Among the records that follow, find the line with "X75460000Y-85105000D02*" and the line with "# KiCad board". Set down those lines and all lines between them exactly, without adding anything.

***** Recorded data *****

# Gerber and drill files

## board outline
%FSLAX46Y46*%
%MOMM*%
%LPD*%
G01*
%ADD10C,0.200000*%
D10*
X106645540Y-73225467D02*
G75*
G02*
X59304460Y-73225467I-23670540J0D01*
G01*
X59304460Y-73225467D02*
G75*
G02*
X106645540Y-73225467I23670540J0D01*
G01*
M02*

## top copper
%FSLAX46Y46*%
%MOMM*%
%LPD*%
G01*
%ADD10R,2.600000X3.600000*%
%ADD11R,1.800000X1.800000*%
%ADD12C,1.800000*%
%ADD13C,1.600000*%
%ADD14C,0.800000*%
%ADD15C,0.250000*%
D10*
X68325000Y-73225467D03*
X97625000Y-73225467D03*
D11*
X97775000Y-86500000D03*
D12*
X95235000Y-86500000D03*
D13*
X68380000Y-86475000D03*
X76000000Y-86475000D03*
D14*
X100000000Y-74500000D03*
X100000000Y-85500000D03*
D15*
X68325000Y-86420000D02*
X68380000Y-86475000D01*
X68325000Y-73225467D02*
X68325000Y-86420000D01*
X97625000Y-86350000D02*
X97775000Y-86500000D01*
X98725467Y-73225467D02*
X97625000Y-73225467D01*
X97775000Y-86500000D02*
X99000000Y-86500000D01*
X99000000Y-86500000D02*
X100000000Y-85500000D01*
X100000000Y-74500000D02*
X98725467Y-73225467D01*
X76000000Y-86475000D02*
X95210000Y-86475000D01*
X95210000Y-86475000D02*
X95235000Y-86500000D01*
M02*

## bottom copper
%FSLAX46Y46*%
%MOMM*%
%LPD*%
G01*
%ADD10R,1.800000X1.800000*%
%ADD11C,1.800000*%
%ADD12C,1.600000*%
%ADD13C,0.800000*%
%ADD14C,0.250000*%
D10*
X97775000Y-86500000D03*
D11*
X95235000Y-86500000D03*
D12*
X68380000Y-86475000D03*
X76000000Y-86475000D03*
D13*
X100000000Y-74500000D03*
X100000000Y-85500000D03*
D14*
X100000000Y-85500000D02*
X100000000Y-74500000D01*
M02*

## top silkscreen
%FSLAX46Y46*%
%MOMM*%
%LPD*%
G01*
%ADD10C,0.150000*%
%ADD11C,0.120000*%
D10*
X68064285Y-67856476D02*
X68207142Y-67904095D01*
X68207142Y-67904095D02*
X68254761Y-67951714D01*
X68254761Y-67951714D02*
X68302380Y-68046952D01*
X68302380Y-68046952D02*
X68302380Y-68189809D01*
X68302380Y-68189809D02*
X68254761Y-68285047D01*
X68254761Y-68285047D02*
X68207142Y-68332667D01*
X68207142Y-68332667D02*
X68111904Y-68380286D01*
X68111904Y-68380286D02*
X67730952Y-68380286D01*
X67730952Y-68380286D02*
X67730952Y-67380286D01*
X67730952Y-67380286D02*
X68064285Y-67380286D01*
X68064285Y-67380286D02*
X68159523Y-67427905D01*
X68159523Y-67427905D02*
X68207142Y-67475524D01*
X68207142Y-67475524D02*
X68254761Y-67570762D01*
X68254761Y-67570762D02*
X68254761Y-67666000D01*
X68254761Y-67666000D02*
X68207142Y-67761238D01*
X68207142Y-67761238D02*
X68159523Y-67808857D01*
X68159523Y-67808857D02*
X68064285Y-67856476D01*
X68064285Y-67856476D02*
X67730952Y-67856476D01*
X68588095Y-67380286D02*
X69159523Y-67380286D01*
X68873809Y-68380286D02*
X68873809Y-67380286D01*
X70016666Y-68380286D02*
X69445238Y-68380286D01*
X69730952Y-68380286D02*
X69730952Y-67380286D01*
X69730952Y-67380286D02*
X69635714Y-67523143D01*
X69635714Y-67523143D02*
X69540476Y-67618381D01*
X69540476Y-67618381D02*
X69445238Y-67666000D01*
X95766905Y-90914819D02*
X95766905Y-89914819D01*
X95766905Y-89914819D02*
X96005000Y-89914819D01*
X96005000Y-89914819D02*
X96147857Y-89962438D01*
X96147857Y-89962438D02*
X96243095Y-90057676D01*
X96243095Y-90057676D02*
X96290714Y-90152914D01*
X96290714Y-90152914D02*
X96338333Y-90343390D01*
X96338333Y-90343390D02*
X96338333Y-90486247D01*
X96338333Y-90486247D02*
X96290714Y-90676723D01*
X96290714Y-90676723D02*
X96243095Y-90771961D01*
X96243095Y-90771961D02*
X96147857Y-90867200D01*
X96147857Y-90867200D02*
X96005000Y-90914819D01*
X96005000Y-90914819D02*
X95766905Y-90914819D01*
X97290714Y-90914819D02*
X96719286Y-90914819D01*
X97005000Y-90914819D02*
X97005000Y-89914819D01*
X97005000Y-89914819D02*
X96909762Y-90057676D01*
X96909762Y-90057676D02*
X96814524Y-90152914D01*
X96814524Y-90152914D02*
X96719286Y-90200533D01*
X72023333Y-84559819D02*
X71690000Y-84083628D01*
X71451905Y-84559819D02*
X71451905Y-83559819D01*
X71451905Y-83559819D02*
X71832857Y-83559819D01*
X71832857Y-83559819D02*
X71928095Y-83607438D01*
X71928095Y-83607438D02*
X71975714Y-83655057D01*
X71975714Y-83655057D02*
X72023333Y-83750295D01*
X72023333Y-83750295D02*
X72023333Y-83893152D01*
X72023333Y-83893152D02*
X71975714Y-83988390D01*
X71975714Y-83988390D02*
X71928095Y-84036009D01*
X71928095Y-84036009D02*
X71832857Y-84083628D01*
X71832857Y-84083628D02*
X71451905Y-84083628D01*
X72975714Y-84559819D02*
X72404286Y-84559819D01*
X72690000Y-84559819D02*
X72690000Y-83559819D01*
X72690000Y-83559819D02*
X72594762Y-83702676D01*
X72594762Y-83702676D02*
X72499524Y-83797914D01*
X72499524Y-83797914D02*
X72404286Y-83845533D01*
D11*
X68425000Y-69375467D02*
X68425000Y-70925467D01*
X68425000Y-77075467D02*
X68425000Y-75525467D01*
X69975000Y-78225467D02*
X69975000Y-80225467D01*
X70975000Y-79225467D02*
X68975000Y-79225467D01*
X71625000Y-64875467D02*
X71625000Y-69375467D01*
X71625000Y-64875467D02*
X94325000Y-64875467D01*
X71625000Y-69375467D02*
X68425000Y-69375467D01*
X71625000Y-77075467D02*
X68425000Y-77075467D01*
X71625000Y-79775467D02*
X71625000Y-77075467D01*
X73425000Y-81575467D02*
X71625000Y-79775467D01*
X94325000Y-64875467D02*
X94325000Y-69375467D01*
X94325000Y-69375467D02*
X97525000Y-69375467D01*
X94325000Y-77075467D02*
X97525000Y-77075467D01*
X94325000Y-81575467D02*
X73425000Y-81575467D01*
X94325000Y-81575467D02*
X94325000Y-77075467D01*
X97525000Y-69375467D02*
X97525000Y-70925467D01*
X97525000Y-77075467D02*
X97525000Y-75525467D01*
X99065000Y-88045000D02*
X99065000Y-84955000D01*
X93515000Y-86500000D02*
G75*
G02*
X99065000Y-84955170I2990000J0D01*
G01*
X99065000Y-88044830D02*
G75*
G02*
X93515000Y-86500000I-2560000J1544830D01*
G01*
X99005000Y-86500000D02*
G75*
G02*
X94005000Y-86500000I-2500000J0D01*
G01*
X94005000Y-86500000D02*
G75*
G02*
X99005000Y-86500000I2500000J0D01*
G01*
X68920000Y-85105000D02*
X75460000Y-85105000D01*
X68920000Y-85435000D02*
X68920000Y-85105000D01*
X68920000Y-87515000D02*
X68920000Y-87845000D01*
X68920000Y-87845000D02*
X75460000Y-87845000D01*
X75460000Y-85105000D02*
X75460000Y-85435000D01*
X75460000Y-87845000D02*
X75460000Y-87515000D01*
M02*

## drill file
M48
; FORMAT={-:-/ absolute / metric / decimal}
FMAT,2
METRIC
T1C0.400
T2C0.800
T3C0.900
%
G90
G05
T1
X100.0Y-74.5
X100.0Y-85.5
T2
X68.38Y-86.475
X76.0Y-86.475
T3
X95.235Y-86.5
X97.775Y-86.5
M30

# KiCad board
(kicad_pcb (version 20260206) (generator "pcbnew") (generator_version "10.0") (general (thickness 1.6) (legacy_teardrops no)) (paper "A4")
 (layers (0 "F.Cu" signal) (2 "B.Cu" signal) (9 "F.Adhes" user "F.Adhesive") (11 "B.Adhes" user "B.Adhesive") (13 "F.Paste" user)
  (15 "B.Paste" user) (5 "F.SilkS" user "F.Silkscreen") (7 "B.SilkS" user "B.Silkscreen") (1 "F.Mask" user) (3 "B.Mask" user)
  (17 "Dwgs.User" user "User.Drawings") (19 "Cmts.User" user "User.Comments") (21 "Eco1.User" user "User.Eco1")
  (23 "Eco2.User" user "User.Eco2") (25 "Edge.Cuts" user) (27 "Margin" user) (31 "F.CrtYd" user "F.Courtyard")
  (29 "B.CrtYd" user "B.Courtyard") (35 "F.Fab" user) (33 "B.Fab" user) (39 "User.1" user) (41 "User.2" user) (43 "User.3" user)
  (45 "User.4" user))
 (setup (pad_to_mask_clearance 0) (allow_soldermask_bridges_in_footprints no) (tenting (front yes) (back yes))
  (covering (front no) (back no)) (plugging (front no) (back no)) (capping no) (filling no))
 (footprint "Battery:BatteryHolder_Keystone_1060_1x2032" (layer "F.Cu") (at 82.975 73.225467)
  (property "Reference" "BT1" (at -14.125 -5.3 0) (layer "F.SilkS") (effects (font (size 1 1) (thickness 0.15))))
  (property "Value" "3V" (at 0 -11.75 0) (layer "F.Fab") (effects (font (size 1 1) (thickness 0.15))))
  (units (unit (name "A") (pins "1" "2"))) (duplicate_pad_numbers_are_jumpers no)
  (fp_line (start -14.55 -3.85) (end -14.55 -2.3) (stroke (width 0.12) (type solid)) (layer "F.SilkS"))
  (fp_line (start -14.55 3.85) (end -14.55 2.3) (stroke (width 0.12) (type solid)) (layer "F.SilkS"))
  (fp_line (start -13 5) (end -13 7) (stroke (width 0.12) (type solid)) (layer "F.SilkS"))
  (fp_line (start -12 6) (end -14 6) (stroke (width 0.12) (type solid)) (layer "F.SilkS"))
  (fp_line (start -11.35 -8.35) (end -11.35 -3.85) (stroke (width 0.12) (type solid)) (layer "F.SilkS"))
  (fp_line (start -11.35 -8.35) (end 11.35 -8.35) (stroke (width 0.12) (type solid)) (layer "F.SilkS"))
  (fp_line (start -11.35 -3.85) (end -14.55 -3.85) (stroke (width 0.12) (type solid)) (layer "F.SilkS"))
  (fp_line (start -11.35 3.85) (end -14.55 3.85) (stroke (width 0.12) (type solid)) (layer "F.SilkS"))
  (fp_line (start -11.35 6.55) (end -11.35 3.85) (stroke (width 0.12) (type solid)) (layer "F.SilkS"))
  (fp_line (start -9.55 8.35) (end -11.35 6.55) (stroke (width 0.12) (type solid)) (layer "F.SilkS"))
  (fp_line (start 11.35 -8.35) (end 11.35 -3.85) (stroke (width 0.12) (type solid)) (layer "F.SilkS"))
  (fp_line (start 11.35 -3.85) (end 14.55 -3.85) (stroke (width 0.12) (type solid)) (layer "F.SilkS"))
  (fp_line (start 11.35 3.85) (end 14.55 3.85) (stroke (width 0.12) (type solid)) (layer "F.SilkS"))
  (fp_line (start 11.35 8.35) (end -9.55 8.35) (stroke (width 0.12) (type solid)) (layer "F.SilkS"))
  (fp_line (start 11.35 8.35) (end 11.35 3.85) (stroke (width 0.12) (type solid)) (layer "F.SilkS"))
  (fp_line (start 14.55 -3.85) (end 14.55 -2.3) (stroke (width 0.12) (type solid)) (layer "F.SilkS"))
  (fp_line (start 14.55 3.85) (end 14.55 2.3) (stroke (width 0.12) (type solid)) (layer "F.SilkS"))
  (pad "1" smd rect (at -14.65 0 180) (size 2.6 3.6) (layers "F.Cu" "F.Mask" "F.Paste") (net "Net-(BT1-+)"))
  (pad "2" smd rect (at 14.65 0 180) (size 2.6 3.6) (layers "F.Cu" "F.Mask" "F.Paste") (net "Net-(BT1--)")))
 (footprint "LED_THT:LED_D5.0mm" (layer "F.Cu") (at 97.775 86.5 180)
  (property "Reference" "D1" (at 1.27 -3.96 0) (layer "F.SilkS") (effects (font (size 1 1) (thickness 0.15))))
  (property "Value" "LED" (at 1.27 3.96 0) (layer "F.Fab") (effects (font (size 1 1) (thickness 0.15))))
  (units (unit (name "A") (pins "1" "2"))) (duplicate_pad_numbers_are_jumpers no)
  (fp_line (start -1.29 -1.545) (end -1.29 1.545) (stroke (width 0.12) (type solid)) (layer "F.SilkS"))
  (fp_arc (start 4.26 0) (mid 2.071779 2.880495) (end -1.29 1.54483) (stroke (width 0.12) (type solid)) (layer "F.SilkS"))
  (fp_arc (start -1.29 -1.54483) (mid 2.071779 -2.880495) (end 4.26 0) (stroke (width 0.12) (type solid)) (layer "F.SilkS"))
  (fp_circle (center 1.27 0) (end 3.77 0) (stroke (width 0.12) (type solid)) (fill no) (layer "F.SilkS"))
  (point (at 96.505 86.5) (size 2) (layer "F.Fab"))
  (pad "1" thru_hole rect (at 0 0 180) (size 1.8 1.8) (drill 0.9) (layers "*.Cu" "*.Mask") (remove_unused_layers no) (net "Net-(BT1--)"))
  (pad "2" thru_hole circle (at 2.54 0 180) (size 1.8 1.8) (drill 0.9) (layers "*.Cu" "*.Mask") (remove_unused_layers no) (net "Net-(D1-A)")))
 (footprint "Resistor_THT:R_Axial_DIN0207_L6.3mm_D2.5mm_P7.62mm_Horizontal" (layer "F.Cu") (at 68.38 86.475)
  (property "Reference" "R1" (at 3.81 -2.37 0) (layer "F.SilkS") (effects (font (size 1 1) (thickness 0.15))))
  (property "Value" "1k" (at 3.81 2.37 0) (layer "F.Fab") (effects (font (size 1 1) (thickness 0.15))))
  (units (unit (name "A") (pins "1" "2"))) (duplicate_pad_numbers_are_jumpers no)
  (fp_line (start 0.54 -1.37) (end 7.08 -1.37) (stroke (width 0.12) (type solid)) (layer "F.SilkS"))
  (fp_line (start 0.54 -1.04) (end 0.54 -1.37) (stroke (width 0.12) (type solid)) (layer "F.SilkS"))
  (fp_line (start 0.54 1.04) (end 0.54 1.37) (stroke (width 0.12) (type solid)) (layer "F.SilkS"))
  (fp_line (start 0.54 1.37) (end 7.08 1.37) (stroke (width 0.12) (type solid)) (layer "F.SilkS"))
  (fp_line (start 7.08 -1.37) (end 7.08 -1.04) (stroke (width 0.12) (type solid)) (layer "F.SilkS"))
  (fp_line (start 7.08 1.37) (end 7.08 1.04) (stroke (width 0.12) (type solid)) (layer "F.SilkS"))
  (pad "1" thru_hole circle (at 0 0) (size 1.6 1.6) (drill 0.8) (layers "*.Cu" "*.Mask") (remove_unused_layers no) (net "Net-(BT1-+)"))
  (pad "2" thru_hole circle (at 7.62 0) (size 1.6 1.6) (drill 0.8) (layers "*.Cu" "*.Mask") (remove_unused_layers no) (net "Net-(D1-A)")))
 (gr_circle (center 82.975 73.225467) (end 105.5 80.5) (stroke (width 0.2) (type solid)) (fill no) (layer "Edge.Cuts"))
 (segment (start 68.325 86.42) (end 68.38 86.475) (width 0.25) (layer "F.Cu") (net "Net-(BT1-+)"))
 (segment (start 68.325 73.225467) (end 68.325 86.42) (width 0.25) (layer "F.Cu") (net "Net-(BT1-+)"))
 (segment (start 97.625 86.35) (end 97.775 86.5) (width 0.25) (layer "F.Cu") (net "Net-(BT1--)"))
 (segment (start 98.725467 73.225467) (end 97.625 73.225467) (width 0.25) (layer "F.Cu") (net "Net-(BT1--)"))
 (segment (start 97.775 86.5) (end 99 86.5) (width 0.25) (layer "F.Cu") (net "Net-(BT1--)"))
 (segment (start 99 86.5) (end 100 85.5) (width 0.25) (layer "F.Cu") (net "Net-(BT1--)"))
 (segment (start 100 74.5) (end 98.725467 73.225467) (width 0.25) (layer "F.Cu") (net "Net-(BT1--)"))
 (via (at 100 74.5) (size 0.8) (drill 0.4) (layers "F.Cu" "B.Cu") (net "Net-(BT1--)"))
 (via (at 100 85.5) (size 0.8) (drill 0.4) (layers "F.Cu" "B.Cu") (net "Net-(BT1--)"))
 (segment (start 100 85.5) (end 100 74.5) (width 0.25) (layer "B.Cu") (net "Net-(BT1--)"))
 (segment (start 76 86.475) (end 95.21 86.475) (width 0.25) (layer "F.Cu") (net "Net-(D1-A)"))
 (segment (start 95.21 86.475) (end 95.235 86.5) (width 0.25) (layer "F.Cu") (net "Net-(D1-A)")))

*****

Answer box >>
X75460000Y-85105000D02*
X75460000Y-85435000D01*
X75460000Y-87845000D02*
X75460000Y-87515000D01*
M02*

## drill file
M48
; FORMAT={-:-/ absolute / metric / decimal}
FMAT,2
METRIC
T1C0.400
T2C0.800
T3C0.900
%
G90
G05
T1
X100.0Y-74.5
X100.0Y-85.5
T2
X68.38Y-86.475
X76.0Y-86.475
T3
X95.235Y-86.5
X97.775Y-86.5
M30

# KiCad board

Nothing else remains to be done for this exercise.